=== Begin Enclosure ===
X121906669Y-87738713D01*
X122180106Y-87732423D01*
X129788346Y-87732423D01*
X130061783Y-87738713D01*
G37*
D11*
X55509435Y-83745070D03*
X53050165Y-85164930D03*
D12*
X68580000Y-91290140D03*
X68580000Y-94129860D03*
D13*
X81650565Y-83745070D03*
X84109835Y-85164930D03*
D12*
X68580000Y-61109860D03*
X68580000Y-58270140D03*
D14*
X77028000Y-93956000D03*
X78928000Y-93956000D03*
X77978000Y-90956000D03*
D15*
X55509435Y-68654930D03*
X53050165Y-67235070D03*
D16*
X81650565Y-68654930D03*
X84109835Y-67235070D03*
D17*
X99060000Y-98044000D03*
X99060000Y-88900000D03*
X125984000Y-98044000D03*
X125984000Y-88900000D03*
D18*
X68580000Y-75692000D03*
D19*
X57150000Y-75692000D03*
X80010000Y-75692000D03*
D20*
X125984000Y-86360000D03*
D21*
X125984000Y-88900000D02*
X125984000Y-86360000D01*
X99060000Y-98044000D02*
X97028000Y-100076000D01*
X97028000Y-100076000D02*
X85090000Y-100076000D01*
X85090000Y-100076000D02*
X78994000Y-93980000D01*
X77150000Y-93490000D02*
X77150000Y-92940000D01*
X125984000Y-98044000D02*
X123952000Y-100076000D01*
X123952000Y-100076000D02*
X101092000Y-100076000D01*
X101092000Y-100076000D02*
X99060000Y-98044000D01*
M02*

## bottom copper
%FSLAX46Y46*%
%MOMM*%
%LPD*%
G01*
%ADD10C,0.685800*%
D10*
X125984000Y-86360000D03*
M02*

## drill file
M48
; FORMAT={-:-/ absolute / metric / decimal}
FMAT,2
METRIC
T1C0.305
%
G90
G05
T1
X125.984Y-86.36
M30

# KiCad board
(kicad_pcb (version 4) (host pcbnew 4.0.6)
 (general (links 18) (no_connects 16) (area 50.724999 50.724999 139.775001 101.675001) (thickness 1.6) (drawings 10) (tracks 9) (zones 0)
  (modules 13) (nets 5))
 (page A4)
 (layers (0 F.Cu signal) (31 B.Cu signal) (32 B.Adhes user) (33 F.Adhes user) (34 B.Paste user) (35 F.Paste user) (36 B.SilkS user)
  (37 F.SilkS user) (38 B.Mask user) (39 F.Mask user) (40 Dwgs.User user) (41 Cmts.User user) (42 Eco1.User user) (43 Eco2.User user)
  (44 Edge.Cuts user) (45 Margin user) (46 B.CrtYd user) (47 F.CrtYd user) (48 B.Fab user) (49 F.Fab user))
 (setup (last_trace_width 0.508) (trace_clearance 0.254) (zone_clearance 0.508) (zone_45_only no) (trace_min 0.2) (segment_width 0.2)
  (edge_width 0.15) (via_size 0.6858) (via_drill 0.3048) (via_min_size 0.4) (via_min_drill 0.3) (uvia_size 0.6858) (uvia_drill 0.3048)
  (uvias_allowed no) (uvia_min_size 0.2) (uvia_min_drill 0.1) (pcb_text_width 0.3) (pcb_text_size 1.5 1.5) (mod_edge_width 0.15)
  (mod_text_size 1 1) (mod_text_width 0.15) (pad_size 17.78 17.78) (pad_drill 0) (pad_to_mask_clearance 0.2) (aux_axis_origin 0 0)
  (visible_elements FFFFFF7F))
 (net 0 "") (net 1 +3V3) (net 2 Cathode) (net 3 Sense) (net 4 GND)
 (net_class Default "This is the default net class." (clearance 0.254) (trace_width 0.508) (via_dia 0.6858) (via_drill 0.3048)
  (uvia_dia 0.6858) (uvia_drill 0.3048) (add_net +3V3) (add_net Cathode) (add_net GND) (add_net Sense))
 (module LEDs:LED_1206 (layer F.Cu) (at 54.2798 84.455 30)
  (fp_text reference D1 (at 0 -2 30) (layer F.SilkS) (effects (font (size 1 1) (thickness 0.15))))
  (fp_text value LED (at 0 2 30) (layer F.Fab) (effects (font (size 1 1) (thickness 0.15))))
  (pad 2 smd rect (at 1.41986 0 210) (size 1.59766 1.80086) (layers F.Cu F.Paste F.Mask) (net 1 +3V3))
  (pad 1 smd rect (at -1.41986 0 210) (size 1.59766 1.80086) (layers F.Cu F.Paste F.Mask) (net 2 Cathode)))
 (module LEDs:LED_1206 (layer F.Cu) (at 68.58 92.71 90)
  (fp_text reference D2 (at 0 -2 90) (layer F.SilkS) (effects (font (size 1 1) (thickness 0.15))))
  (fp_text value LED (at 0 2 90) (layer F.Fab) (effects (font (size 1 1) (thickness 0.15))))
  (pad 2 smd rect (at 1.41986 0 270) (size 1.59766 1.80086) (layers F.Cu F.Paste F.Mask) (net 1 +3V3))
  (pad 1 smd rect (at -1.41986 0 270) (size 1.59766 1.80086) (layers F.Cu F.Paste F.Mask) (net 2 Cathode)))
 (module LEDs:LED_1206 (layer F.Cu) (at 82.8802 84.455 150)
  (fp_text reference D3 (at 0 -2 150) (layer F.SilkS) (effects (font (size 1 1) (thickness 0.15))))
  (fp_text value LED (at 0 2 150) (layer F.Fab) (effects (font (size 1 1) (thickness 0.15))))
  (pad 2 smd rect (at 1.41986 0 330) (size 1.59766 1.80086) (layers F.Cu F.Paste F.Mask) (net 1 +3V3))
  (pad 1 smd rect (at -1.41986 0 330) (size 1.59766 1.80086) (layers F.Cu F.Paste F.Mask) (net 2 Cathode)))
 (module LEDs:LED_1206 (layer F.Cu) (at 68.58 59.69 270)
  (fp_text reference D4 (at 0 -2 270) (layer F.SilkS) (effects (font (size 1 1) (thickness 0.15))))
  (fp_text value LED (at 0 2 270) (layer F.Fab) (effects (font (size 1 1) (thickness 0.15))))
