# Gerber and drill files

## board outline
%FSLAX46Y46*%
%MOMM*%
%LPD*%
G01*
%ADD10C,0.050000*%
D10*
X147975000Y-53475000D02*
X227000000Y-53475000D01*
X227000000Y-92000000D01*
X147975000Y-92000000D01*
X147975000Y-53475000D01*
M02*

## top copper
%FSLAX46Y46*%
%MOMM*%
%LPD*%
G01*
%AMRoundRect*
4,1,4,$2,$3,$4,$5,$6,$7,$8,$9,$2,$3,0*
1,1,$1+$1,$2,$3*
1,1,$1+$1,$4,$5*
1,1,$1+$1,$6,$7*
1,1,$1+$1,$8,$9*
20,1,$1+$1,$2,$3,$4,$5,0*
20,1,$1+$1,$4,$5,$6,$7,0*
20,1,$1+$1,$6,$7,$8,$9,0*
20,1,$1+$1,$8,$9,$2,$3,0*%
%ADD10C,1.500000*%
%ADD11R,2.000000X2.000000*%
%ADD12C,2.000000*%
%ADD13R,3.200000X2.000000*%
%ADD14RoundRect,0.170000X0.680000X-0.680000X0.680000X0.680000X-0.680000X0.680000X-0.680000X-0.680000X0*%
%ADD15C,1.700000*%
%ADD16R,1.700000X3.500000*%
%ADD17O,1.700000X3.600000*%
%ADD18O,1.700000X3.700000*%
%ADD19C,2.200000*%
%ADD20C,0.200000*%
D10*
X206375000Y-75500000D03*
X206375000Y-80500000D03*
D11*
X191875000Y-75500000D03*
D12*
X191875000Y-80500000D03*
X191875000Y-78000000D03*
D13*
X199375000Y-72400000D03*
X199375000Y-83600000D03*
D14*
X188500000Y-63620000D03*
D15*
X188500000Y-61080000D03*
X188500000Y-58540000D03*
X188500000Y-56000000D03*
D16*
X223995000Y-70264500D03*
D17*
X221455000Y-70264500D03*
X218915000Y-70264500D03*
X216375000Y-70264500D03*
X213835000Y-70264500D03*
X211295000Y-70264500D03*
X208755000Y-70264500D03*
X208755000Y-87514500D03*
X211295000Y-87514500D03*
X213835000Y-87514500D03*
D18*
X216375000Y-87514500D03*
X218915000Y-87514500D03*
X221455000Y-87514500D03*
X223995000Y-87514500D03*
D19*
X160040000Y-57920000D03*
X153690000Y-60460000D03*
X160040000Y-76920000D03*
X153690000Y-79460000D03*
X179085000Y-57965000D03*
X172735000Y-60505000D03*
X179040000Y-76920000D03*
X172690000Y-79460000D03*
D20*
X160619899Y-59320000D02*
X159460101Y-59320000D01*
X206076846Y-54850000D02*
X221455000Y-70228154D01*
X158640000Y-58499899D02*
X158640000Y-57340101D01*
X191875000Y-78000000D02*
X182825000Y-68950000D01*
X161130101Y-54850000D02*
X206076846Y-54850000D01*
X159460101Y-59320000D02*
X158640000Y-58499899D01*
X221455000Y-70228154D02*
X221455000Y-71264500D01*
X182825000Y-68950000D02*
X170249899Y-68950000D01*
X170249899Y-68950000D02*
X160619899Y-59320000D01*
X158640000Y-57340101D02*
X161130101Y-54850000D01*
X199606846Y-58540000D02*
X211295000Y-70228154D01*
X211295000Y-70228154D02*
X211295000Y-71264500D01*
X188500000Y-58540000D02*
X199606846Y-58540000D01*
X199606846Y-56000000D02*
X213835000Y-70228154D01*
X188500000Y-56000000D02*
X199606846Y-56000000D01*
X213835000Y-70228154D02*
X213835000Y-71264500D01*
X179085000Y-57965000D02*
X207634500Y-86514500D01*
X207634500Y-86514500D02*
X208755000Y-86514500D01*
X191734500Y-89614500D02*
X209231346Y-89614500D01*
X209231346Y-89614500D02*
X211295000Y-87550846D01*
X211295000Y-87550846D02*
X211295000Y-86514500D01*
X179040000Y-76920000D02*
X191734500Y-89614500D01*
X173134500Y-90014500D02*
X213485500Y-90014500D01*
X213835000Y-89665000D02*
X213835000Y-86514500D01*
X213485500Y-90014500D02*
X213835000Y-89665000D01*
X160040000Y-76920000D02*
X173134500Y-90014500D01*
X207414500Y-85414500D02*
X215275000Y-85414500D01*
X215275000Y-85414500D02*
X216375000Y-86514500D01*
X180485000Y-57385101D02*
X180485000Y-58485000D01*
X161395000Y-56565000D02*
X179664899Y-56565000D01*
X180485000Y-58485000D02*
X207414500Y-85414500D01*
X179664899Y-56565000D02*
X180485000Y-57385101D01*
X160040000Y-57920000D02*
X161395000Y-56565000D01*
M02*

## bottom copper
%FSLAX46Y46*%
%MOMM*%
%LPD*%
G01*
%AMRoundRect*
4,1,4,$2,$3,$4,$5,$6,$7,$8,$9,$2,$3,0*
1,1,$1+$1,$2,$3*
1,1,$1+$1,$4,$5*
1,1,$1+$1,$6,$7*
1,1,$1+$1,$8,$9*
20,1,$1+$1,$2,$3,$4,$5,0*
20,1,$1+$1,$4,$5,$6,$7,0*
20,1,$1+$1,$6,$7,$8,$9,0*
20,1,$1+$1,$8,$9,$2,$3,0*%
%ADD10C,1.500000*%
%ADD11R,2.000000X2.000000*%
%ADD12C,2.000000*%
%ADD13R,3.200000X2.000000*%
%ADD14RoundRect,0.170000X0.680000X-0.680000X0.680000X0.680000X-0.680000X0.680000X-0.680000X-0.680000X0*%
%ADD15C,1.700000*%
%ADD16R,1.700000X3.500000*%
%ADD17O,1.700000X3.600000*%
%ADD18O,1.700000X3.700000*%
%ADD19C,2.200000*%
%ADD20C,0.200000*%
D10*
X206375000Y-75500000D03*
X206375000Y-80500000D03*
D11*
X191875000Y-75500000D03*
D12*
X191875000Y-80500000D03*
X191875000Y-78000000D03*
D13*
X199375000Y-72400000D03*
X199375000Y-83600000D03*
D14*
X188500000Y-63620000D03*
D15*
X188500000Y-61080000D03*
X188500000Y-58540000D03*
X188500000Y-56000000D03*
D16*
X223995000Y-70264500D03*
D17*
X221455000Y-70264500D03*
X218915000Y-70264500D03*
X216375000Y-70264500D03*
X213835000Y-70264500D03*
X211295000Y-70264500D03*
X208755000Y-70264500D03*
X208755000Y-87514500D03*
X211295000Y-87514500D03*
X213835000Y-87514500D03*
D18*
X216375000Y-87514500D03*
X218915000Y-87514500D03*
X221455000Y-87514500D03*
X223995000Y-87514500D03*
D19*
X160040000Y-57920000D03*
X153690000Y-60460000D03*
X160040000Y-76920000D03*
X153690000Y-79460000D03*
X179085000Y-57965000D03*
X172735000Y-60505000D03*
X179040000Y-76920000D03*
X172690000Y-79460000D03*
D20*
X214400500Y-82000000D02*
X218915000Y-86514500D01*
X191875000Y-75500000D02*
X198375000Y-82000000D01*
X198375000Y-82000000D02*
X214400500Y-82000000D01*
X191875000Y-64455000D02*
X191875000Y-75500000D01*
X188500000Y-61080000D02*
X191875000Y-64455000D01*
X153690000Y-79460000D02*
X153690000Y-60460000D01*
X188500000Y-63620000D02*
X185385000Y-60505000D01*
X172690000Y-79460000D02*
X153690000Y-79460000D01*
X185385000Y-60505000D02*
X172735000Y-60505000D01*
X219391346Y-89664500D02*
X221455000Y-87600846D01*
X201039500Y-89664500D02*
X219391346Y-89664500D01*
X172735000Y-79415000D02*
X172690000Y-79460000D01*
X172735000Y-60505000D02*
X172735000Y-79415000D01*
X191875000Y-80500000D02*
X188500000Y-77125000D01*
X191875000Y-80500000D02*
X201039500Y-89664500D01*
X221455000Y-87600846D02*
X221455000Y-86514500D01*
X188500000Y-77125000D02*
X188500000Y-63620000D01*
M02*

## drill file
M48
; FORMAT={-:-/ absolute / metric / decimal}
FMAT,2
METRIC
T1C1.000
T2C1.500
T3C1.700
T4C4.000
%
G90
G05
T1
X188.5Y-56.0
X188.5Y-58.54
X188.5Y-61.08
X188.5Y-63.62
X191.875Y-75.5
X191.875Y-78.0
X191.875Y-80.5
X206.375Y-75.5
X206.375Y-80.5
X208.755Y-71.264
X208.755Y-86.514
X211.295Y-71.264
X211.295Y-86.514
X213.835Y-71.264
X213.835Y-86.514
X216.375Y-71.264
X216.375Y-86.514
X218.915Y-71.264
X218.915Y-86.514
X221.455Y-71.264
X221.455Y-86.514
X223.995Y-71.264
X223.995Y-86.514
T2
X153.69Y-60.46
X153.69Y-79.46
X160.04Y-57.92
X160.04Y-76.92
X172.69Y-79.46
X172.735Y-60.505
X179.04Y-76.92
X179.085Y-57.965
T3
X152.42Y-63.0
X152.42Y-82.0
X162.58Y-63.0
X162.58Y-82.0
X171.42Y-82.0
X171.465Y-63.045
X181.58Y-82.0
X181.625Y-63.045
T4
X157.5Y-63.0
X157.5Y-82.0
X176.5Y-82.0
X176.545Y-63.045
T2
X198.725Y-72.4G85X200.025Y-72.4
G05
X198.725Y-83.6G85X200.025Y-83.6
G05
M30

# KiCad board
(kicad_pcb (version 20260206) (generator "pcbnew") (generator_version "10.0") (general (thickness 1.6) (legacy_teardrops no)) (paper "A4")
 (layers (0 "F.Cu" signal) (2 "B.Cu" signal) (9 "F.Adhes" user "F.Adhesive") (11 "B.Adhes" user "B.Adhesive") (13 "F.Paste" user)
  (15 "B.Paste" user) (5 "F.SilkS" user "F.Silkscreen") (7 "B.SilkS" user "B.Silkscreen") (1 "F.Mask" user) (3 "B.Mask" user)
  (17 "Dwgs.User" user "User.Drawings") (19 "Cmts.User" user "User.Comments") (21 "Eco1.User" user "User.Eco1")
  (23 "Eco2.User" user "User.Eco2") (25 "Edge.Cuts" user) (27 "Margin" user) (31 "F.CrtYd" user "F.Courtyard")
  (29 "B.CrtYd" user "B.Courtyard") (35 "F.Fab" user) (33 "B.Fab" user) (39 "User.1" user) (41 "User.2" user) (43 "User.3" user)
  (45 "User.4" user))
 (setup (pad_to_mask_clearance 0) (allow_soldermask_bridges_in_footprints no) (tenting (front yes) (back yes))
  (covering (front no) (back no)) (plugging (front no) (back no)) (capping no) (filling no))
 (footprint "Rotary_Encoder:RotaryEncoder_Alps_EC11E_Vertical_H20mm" (layer "F.Cu") (at 191.875 75.5)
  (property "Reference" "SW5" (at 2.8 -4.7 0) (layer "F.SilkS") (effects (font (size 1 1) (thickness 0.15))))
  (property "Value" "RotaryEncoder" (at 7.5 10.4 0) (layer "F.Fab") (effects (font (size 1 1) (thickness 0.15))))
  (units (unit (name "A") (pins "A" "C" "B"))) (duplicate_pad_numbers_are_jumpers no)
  (pad "" thru_hole circle (at 14.5 0) (size 1.5 1.5) (drill 1) (layers "*.Cu" "*.Mask") (remove_unused_layers no))
  (pad "" thru_hole circle (at 14.5 5) (size 1.5 1.5) (drill 1) (layers "*.Cu" "*.Mask") (remove_unused_layers no))
  (pad "A" thru_hole rect (at 0 0) (size 2 2) (drill 1) (layers "*.Cu" "*.Mask") (remove_unused_layers no) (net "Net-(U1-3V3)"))
  (pad "B" thru_hole circle (at 0 5) (size 2 2) (drill 1) (layers "*.Cu" "*.Mask") (remove_unused_layers no) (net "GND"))
  (pad "C" thru_hole circle (at 0 2.5) (size 2 2) (drill 1) (layers "*.Cu" "*.Mask") (remove_unused_layers no) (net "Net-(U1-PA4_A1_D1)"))
  (pad "MP" thru_hole rect (at 7.5 -3.1) (size 3.2 2) (drill oval 2.8 1.5) (layers "*.Cu" "*.Mask") (remove_unused_layers no))
  (pad "MP" thru_hole rect (at 7.5 8.1) (size 3.2 2) (drill oval 2.8 1.5) (layers "*.Cu" "*.Mask") (remove_unused_layers no)))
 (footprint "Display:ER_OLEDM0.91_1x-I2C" (layer "F.Cu") (at 188.5 63.62 90)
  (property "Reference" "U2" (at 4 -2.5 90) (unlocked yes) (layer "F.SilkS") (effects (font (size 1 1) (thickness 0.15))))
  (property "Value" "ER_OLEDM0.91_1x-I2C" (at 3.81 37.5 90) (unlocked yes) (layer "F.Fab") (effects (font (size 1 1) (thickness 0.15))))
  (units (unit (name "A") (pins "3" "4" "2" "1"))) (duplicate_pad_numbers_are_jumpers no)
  (pad "1" thru_hole roundrect (at 0 0 90) (size 1.7 1.7) (drill 1) (layers "*.Cu" "*.Mask") (remove_unused_layers no)
   (roundrect_rratio 0.1) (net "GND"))
  (pad "2" thru_hole circle (at 2.54 0 90) (size 1.7 1.7) (drill 1) (layers "*.Cu" "*.Mask") (remove_unused_layers no) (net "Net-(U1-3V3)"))
  (pad "3" thru_hole circle (at 5.08 0 90) (size 1.7 1.7) (drill 1) (layers "*.Cu" "*.Mask") (remove_unused_layers no)
   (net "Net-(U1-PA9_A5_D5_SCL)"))
  (pad "4" thru_hole circle (at 7.62 0 90) (size 1.7 1.7) (drill 1) (layers "*.Cu" "*.Mask") (remove_unused_layers no)
   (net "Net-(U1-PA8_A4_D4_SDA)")))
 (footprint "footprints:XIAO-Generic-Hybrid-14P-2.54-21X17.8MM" (layer "F.Cu") (at 216.375 78.8895 -90)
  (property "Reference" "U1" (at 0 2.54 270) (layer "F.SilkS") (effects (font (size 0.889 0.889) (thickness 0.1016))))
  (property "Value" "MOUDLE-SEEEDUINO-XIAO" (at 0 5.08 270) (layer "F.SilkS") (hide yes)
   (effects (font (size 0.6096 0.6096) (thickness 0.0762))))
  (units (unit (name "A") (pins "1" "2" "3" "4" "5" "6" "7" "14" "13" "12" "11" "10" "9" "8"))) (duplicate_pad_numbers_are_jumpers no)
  (pad "1" thru_hole rect (at -7.625 -7.62 270) (size 3.5 1.7) (drill 1 (offset -1 0)) (layers "*.Cu" "*.Mask") (remove_unused_layers no)
   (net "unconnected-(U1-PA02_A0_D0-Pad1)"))
  (pad "2" thru_hole oval (at -7.625 -5.08 270) (size 3.6 1.7) (drill 1 (offset -1 0)) (layers "*.Cu" "*.Mask") (remove_unused_layers no)
   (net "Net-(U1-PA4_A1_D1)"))
  (pad "3" thru_hole oval (at -7.625 -2.54 270) (size 3.6 1.7) (drill 1 (offset -1 0)) (layers "*.Cu" "*.Mask") (remove_unused_layers no)
   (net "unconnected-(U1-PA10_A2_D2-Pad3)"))
  (pad "4" thru_hole oval (at -7.625 0 270) (size 3.6 1.7) (drill 1 (offset -1 0)) (layers "*.Cu" "*.Mask") (remove_unused_layers no)
   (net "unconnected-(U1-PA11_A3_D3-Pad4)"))
  (pad "5" thru_hole oval (at -7.625 2.54 270) (size 3.6 1.7) (drill 1 (offset -1 0)) (layers "*.Cu" "*.Mask") (remove_unused_layers no)
   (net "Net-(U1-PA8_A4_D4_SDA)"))
  (pad "6" thru_hole oval (at -7.625 5.08 90) (size 3.6 1.7) (drill 1 (offset 1 0)) (layers "*.Cu" "*.Mask") (remove_unused_layers no)
   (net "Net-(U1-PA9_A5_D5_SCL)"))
=== End Enclosure ===
# TASK TO COMPLETE
Display every line of the listing that contains the string "Courtyard".

# WRITTEN RESPONSE
  (23 "Eco2.User" user "User.Eco2") (25 "Edge.Cuts" user) (27 "Margin" user) (31 "F.CrtYd" user "F.Courtyard")
  (29 "B.CrtYd" user "B.Courtyard") (35 "F.Fab" user) (33 "B.Fab" user) (39 "User.1" user) (41 "User.2" user) (43 "User.3" user)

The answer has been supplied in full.